What is the theoretical limit of information density? - lpage
http://physics.stackexchange.com/questions/2281/maximum-theoretical-data-density
======
Steuard
The remarkable thing that this explanation doesn't really explore in depth is
that the maximum information (~entropy) contained in a region scales according
to its boundary _area_ rather than to its volume. That means that "maximum
information per unit volume" drops precipitously with size.[1]

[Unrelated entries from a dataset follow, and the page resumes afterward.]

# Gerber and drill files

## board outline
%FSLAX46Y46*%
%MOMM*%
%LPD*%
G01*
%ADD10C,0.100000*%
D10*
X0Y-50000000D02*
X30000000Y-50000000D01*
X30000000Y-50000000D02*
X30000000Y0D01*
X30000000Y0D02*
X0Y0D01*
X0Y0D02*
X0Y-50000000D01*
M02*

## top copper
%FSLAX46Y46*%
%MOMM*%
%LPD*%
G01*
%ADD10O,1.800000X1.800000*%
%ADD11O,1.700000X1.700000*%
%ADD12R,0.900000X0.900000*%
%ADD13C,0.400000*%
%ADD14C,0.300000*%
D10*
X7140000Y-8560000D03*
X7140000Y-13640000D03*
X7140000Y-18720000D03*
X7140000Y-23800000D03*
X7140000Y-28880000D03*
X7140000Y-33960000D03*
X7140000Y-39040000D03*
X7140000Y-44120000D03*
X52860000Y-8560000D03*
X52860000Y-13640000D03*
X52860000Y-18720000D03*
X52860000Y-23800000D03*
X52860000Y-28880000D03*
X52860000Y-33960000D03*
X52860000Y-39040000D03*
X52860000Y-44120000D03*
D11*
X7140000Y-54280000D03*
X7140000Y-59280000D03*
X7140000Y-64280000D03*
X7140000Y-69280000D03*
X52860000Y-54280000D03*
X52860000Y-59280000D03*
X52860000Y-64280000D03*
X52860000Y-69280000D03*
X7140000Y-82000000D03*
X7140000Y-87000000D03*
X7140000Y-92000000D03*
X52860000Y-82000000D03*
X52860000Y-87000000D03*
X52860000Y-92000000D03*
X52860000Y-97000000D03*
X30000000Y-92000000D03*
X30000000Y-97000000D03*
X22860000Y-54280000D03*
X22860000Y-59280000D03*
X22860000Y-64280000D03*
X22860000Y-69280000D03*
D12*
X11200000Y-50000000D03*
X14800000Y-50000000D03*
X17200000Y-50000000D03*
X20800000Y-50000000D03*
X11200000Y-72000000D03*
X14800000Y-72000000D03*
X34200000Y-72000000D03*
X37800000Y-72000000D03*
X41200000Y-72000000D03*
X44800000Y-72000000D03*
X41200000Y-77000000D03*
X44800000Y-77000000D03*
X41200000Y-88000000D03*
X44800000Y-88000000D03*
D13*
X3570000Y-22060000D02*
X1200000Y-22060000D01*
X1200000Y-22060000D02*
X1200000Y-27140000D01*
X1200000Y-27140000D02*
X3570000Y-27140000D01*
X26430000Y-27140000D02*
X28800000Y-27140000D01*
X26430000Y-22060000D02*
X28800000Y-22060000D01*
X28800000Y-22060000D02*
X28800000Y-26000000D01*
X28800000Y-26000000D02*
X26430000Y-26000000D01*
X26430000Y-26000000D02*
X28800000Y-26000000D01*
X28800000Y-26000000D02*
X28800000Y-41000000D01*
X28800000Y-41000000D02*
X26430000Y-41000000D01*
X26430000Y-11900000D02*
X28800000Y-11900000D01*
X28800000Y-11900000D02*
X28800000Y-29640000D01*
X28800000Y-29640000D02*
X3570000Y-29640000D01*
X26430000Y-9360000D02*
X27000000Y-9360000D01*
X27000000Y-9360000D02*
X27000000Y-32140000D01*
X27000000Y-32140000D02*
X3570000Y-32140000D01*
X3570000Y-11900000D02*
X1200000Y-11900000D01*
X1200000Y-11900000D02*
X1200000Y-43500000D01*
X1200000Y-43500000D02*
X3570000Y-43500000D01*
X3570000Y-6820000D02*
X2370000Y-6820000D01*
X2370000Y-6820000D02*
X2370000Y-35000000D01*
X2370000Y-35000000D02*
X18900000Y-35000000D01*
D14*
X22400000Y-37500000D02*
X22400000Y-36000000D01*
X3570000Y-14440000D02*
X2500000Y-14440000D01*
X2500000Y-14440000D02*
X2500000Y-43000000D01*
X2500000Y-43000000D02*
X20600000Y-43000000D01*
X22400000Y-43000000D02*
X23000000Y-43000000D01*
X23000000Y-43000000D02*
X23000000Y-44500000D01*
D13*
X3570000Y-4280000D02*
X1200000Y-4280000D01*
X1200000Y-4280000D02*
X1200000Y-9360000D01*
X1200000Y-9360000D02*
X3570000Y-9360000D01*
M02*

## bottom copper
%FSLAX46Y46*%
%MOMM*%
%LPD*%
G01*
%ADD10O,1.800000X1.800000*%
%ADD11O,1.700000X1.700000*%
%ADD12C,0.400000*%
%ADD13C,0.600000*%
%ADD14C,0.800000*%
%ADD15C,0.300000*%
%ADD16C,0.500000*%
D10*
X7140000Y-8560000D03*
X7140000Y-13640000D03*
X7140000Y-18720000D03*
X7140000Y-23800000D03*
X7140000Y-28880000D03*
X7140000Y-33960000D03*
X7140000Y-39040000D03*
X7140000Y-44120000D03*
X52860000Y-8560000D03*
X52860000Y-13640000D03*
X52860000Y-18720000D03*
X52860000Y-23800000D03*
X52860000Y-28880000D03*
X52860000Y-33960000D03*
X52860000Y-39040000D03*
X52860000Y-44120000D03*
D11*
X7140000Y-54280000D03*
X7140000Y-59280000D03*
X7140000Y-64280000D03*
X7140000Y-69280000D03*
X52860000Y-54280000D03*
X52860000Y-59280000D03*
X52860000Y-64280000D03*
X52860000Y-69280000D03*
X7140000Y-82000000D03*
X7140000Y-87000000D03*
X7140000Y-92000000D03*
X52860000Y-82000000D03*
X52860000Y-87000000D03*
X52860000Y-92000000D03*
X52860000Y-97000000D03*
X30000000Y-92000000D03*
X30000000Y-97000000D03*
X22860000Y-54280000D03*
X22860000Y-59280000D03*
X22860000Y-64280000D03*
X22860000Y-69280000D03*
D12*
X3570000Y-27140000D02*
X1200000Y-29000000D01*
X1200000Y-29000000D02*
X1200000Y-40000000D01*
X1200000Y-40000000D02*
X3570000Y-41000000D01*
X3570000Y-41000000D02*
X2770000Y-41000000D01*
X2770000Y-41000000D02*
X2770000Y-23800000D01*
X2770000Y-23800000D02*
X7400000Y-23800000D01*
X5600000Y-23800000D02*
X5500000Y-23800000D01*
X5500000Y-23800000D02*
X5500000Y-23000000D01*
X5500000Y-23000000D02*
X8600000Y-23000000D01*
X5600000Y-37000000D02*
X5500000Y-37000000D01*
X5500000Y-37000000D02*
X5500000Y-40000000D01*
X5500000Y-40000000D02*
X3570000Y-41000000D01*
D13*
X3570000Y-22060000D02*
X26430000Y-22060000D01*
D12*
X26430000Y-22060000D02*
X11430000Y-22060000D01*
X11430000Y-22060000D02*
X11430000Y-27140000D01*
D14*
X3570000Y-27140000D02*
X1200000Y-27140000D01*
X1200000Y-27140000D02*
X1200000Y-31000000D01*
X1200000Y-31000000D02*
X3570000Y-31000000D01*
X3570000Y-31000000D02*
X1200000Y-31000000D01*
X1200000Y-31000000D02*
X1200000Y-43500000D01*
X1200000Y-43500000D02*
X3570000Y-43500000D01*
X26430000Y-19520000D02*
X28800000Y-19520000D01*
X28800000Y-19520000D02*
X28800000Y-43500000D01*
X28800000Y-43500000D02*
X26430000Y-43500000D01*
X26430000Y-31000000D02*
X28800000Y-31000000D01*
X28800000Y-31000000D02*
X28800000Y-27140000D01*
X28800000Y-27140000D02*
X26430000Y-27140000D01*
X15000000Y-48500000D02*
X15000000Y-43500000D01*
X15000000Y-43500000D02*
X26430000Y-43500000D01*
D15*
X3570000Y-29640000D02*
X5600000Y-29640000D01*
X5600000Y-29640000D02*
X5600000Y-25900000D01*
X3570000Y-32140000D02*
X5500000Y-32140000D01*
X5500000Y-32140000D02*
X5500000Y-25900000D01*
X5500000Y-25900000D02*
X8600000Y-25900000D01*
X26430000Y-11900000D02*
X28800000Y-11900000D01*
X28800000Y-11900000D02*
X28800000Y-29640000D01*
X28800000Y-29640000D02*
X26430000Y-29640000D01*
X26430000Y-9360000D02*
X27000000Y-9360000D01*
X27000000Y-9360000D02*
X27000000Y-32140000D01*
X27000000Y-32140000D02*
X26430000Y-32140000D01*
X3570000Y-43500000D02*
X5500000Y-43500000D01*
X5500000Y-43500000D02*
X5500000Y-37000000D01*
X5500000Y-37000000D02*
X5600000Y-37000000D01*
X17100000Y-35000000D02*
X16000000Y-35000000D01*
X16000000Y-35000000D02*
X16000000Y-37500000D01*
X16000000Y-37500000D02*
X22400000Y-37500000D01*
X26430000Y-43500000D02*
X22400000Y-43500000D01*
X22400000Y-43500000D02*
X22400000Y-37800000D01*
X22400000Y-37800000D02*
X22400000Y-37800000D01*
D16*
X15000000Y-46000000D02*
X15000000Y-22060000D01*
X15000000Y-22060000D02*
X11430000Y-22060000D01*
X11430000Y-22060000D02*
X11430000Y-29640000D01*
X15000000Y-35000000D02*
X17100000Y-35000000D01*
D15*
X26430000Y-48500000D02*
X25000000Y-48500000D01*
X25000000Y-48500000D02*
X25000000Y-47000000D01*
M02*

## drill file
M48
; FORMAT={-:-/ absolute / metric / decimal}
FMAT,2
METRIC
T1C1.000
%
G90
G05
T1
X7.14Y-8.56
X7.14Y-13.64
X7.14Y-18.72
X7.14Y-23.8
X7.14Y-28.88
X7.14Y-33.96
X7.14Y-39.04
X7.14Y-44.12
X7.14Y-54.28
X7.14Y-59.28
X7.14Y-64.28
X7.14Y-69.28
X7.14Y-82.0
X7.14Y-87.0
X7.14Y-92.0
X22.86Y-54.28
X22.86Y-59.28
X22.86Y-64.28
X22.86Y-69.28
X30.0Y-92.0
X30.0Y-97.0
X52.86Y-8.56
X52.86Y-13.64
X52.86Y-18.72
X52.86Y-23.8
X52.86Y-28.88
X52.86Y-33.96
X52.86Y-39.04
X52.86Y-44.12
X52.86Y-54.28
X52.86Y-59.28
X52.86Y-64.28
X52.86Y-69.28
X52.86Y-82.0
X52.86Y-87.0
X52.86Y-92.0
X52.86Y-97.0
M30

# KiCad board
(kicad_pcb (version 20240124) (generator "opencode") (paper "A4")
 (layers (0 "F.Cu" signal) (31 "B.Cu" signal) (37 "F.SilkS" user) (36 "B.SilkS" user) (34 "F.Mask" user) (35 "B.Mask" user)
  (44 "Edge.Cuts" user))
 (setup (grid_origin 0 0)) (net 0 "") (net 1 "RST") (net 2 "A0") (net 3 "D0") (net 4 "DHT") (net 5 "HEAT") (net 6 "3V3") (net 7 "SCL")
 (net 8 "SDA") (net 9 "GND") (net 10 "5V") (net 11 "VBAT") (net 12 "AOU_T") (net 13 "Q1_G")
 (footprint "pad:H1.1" (layer "F.Cu") (at 3.57 4.28 0)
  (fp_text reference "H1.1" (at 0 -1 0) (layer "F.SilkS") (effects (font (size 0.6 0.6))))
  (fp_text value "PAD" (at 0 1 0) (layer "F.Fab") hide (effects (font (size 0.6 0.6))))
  (pad "1" thru_hole oval (at 3.57 4.28) (size 1.80 1.80) (drill 1.00) (layers *.Cu *.Mask) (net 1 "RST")))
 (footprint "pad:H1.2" (layer "F.Cu") (at 3.57 6.82 0)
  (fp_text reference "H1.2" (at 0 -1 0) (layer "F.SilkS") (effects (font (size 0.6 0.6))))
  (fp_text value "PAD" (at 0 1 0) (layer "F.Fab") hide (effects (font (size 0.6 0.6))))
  (pad "1" thru_hole oval (at 3.57 6.82) (size 1.80 1.80) (drill 1.00) (layers *.Cu *.Mask) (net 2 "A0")))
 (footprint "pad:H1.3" (layer "F.Cu") (at 3.57 9.36 0)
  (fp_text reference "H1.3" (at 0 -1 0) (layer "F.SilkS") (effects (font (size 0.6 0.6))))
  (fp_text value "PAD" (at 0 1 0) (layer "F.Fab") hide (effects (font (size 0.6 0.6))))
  (pad "1" thru_hole oval (at 3.57 9.36) (size 1.80 1.80) (drill 1.00) (layers *.Cu *.Mask) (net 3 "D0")))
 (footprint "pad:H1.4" (layer "F.Cu") (at 3.57 11.90 0)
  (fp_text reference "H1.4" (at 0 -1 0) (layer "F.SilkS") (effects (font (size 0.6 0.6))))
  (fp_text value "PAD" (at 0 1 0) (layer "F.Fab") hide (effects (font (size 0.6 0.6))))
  (pad "1" thru_hole oval (at 3.57 11.90) (size 1.80 1.80) (drill 1.00) (layers *.Cu *.Mask) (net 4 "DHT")))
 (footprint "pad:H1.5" (layer "F.Cu") (at 3.57 14.44 0)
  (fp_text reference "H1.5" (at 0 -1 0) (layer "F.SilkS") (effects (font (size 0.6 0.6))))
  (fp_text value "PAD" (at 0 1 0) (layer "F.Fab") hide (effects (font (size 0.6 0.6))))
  (pad "1" thru_hole oval (at 3.57 14.44) (size 1.80 1.80) (drill 1.00) (layers *.Cu *.Mask) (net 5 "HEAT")))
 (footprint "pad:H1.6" (layer "F.Cu") (at 3.57 16.98 0)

Just for example, this allows you to calculate an _ultimate_ limit on Moore's
law of only ~800 years, for any possible computer functioning within the
bounds of the observable universe. As sketched below[1], the observable
universe can hold only about 10^123 bits of information. Processors currently
contain about 10^9 transistors (each of which has to be doing computations
with an independent bit of information to be useful), a factor of 10^114 less.

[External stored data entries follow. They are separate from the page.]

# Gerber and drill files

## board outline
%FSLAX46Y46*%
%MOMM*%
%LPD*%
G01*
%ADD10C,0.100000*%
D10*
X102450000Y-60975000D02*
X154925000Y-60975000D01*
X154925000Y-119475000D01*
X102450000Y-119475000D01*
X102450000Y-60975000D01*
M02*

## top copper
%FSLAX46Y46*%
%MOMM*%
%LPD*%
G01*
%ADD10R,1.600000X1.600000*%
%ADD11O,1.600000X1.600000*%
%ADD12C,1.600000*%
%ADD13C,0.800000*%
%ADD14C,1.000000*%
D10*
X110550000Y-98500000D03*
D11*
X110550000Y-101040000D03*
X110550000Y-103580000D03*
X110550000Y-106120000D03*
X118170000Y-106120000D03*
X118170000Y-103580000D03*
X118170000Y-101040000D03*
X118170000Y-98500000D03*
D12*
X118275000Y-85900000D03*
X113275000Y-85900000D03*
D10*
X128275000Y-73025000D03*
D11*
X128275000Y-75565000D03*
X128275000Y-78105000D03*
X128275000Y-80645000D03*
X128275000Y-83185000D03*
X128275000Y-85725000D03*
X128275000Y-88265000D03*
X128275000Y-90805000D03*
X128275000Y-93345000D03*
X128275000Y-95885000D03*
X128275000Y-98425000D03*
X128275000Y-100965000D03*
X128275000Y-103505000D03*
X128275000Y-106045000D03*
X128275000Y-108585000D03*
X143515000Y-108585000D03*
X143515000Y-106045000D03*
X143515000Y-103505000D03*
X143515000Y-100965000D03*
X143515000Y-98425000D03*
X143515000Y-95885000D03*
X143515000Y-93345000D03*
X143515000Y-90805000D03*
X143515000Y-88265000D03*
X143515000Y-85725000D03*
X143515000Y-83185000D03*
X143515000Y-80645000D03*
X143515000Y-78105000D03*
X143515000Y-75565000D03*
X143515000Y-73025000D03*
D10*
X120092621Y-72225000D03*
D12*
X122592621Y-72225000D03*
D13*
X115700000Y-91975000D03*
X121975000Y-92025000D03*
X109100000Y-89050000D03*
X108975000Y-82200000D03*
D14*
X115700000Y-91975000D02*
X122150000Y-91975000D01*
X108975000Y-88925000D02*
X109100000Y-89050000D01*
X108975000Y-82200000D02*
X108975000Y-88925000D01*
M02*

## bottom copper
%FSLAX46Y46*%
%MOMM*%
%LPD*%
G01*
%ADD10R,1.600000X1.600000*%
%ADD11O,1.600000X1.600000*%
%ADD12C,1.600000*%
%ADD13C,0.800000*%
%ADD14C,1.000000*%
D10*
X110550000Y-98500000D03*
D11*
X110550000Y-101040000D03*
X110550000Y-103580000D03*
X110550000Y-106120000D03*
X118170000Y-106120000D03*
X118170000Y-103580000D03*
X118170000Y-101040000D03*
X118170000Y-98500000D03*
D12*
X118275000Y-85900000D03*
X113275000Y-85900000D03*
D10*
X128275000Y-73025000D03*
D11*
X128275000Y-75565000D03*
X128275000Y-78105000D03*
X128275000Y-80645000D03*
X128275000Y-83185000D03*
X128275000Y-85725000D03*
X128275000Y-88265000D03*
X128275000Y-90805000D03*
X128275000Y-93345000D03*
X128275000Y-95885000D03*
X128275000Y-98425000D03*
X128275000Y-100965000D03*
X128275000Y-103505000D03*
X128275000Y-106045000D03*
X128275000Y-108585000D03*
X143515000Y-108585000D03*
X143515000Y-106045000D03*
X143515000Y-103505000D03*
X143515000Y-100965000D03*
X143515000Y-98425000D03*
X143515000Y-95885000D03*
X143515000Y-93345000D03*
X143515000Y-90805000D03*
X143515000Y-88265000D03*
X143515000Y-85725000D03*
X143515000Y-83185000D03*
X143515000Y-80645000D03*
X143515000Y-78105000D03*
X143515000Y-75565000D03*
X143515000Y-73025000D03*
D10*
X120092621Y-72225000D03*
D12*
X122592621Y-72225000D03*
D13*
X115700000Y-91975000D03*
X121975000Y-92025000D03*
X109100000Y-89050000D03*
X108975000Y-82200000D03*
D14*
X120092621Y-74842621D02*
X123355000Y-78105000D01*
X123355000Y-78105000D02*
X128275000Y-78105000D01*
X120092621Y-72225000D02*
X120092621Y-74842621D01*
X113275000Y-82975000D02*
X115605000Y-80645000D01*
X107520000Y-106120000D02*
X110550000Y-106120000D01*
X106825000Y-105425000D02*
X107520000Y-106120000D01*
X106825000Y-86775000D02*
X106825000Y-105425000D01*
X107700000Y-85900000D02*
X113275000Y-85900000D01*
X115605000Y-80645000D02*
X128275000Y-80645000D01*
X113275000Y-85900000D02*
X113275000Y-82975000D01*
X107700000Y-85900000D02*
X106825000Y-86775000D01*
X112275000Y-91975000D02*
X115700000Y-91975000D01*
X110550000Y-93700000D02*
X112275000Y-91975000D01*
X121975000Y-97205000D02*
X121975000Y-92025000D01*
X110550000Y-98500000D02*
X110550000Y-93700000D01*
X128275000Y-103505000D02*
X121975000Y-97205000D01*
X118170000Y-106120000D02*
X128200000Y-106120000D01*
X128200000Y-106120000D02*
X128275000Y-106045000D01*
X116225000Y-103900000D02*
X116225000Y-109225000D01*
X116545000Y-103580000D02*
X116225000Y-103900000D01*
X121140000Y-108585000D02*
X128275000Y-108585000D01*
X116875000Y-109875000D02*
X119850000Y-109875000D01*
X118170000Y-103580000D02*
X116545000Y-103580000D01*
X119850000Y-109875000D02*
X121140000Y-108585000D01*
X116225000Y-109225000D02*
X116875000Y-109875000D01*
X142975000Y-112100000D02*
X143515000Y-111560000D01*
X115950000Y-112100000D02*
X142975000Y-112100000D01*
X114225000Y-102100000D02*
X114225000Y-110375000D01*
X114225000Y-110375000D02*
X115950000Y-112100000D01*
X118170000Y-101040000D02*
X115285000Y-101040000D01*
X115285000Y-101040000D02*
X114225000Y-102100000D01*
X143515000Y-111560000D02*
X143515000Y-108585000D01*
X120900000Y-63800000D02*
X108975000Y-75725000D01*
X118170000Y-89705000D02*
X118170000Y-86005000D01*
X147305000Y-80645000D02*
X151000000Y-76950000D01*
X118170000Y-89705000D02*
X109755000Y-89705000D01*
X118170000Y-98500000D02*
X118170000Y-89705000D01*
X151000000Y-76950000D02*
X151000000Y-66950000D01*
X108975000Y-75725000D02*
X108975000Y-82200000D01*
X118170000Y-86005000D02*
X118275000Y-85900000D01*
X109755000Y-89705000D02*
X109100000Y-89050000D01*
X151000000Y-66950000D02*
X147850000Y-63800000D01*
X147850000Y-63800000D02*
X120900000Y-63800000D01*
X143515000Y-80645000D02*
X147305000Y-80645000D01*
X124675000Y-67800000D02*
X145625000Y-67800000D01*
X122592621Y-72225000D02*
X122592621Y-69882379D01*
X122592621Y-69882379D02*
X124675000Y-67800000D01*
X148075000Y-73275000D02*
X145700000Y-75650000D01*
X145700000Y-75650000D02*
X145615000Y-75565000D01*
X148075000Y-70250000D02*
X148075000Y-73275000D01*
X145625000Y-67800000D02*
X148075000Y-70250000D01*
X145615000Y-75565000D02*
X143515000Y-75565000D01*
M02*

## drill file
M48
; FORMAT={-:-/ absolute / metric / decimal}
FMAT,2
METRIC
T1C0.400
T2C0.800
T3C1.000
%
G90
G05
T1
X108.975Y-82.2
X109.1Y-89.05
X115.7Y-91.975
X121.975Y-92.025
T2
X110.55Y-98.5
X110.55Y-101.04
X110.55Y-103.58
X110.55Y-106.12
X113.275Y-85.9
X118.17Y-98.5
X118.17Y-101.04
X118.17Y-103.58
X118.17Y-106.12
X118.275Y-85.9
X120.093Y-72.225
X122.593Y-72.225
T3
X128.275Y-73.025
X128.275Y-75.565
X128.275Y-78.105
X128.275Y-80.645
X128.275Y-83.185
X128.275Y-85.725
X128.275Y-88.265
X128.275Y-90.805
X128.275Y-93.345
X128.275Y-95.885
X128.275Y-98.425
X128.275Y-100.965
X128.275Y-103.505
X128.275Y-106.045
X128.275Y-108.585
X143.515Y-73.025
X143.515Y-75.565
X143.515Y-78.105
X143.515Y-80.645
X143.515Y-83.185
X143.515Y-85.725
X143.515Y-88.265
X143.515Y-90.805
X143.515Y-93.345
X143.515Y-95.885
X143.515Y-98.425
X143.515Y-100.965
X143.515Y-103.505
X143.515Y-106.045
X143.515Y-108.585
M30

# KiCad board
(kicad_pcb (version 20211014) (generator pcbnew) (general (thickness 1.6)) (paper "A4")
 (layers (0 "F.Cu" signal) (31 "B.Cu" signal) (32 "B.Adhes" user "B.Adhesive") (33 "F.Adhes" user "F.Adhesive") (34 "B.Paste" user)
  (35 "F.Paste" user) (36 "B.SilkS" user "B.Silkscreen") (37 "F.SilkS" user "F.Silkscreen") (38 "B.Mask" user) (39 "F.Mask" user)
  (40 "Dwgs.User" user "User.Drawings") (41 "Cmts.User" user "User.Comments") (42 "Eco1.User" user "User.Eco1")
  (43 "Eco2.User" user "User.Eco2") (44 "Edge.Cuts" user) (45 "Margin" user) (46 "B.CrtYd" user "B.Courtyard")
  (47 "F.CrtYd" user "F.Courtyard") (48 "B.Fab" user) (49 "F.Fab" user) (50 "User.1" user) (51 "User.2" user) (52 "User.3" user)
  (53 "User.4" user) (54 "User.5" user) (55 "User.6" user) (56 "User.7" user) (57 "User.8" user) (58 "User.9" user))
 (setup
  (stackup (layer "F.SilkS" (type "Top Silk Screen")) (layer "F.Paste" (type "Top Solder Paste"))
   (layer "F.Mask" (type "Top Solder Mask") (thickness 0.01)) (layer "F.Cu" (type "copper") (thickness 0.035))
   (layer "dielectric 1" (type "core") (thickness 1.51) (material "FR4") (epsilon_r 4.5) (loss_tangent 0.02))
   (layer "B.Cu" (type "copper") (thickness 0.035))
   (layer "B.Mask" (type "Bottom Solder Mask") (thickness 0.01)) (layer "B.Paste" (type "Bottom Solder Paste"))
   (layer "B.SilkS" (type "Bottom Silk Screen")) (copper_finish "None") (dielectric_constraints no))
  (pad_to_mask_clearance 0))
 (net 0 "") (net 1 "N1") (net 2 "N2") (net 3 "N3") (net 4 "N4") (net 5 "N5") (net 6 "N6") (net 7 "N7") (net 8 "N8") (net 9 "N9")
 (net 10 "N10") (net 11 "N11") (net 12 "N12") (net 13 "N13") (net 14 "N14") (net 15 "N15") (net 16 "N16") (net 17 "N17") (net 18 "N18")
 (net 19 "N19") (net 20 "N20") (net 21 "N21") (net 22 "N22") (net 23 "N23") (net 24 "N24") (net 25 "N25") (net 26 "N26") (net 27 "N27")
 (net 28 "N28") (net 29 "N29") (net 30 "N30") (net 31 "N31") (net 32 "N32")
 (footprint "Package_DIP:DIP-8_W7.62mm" (layer "F.Cu") (at 110.55 98.5)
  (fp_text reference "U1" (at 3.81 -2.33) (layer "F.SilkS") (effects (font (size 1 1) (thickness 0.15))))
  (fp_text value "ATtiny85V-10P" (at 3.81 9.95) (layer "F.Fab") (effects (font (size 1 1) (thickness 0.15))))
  (pad "1" thru_hole rect (at 0 0) (size 1.6 1.6) (drill 0.8) (layers *.Cu *.Mask) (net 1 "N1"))
  (pad "2" thru_hole oval (at 0 2.54) (size 1.6 1.6) (drill 0.8) (layers *.Cu *.Mask) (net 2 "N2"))
  (pad "3" thru_hole oval (at 0 5.08) (size 1.6 1.6) (drill 0.8) (layers *.Cu *.Mask) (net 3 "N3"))
  (pad "4" thru_hole oval (at 0 7.62) (size 1.6 1.6) (drill 0.8) (layers *.Cu *.Mask) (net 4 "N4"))
  (pad "5" thru_hole oval (at 7.62 7.62) (size 1.6 1.6) (drill 0.8) (layers *.Cu *.Mask) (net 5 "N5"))
  (pad "6" thru_hole oval (at 7.62 5.08) (size 1.6 1.6) (drill 0.8) (layers *.Cu *.Mask) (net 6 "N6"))
  (pad "7" thru_hole oval (at 7.62 2.54) (size 1.6 1.6) (drill 0.8) (layers *.Cu *.Mask) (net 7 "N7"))
  (pad "8" thru_hole oval (at 7.62 0) (size 1.6 1.6) (drill 0.8) (layers *.Cu *.Mask) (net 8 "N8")))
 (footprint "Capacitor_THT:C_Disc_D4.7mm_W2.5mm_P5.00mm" (layer "F.Cu") (at 118.275 85.9 180)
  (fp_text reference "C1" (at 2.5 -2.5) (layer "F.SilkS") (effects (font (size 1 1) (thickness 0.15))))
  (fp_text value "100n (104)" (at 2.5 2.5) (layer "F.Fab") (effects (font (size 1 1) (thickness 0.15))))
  (pad "1" thru_hole circle (at 0 0 180) (size 1.6 1.6) (drill 0.8) (layers *.Cu *.Mask) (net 8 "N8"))
  (pad "2" thru_hole circle (at 5 0 180) (size 1.6 1.6) (drill 0.8) (layers *.Cu *.Mask) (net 4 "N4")))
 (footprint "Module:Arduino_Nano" (layer "F.Cu") (at 128.275 73.025)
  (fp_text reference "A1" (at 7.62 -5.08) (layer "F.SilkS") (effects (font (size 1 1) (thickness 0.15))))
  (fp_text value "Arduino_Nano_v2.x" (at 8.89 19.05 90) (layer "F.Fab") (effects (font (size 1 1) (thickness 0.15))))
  (pad "1" thru_hole rect (at 0 0) (size 1.6 1.6) (drill 1) (layers *.Cu *.Mask) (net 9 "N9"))
  (pad "2" thru_hole oval (at 0 2.54) (size 1.6 1.6) (drill 1) (layers *.Cu *.Mask) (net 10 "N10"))
  (pad "3" thru_hole oval (at 0 5.08) (size 1.6 1.6) (drill 1) (layers *.Cu *.Mask) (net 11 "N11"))
  (pad "4" thru_hole oval (at 0 7.62) (size 1.6 1.6) (drill 1) (layers *.Cu *.Mask) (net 4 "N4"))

If Moore's law claims that this number doubles every 2 years, that means it
grows by a factor of 10^3 every 20. And 20x(114/3) is about 760 years. (A more
detailed calculation carried out in a paper by Krauss and Starkman at
[http://arxiv.org/abs/astro-ph/0404510](http://arxiv.org/abs/astro-ph/0404510)
came up with a limit of about 600 years.) That's almost frighteningly soon.

[1] As the link says, for a cubic centimeter (cc) of volume, the maximum
entropy is about 10^66 bits. But if you consider a cubic meter instead, you
find it can hold at most 10^70 bits, which comes out to 10^64 bits per cc! For
a cubic kilometer you get 10^76 bits, which is only 10^61 bits per cc. If the
solar system has radius ~10^13 m, it could hold at most 10^96 bits, or 10^51
bits/cc. And the whole observable universe (with radius ~5x10^26 m) could hold
at most 2.5x10^123 bits, or 10^38 bits/cc. That's remarkably less than the
direct one cc calculation! This behavior is exceedingly non-intuitive, at
least to me.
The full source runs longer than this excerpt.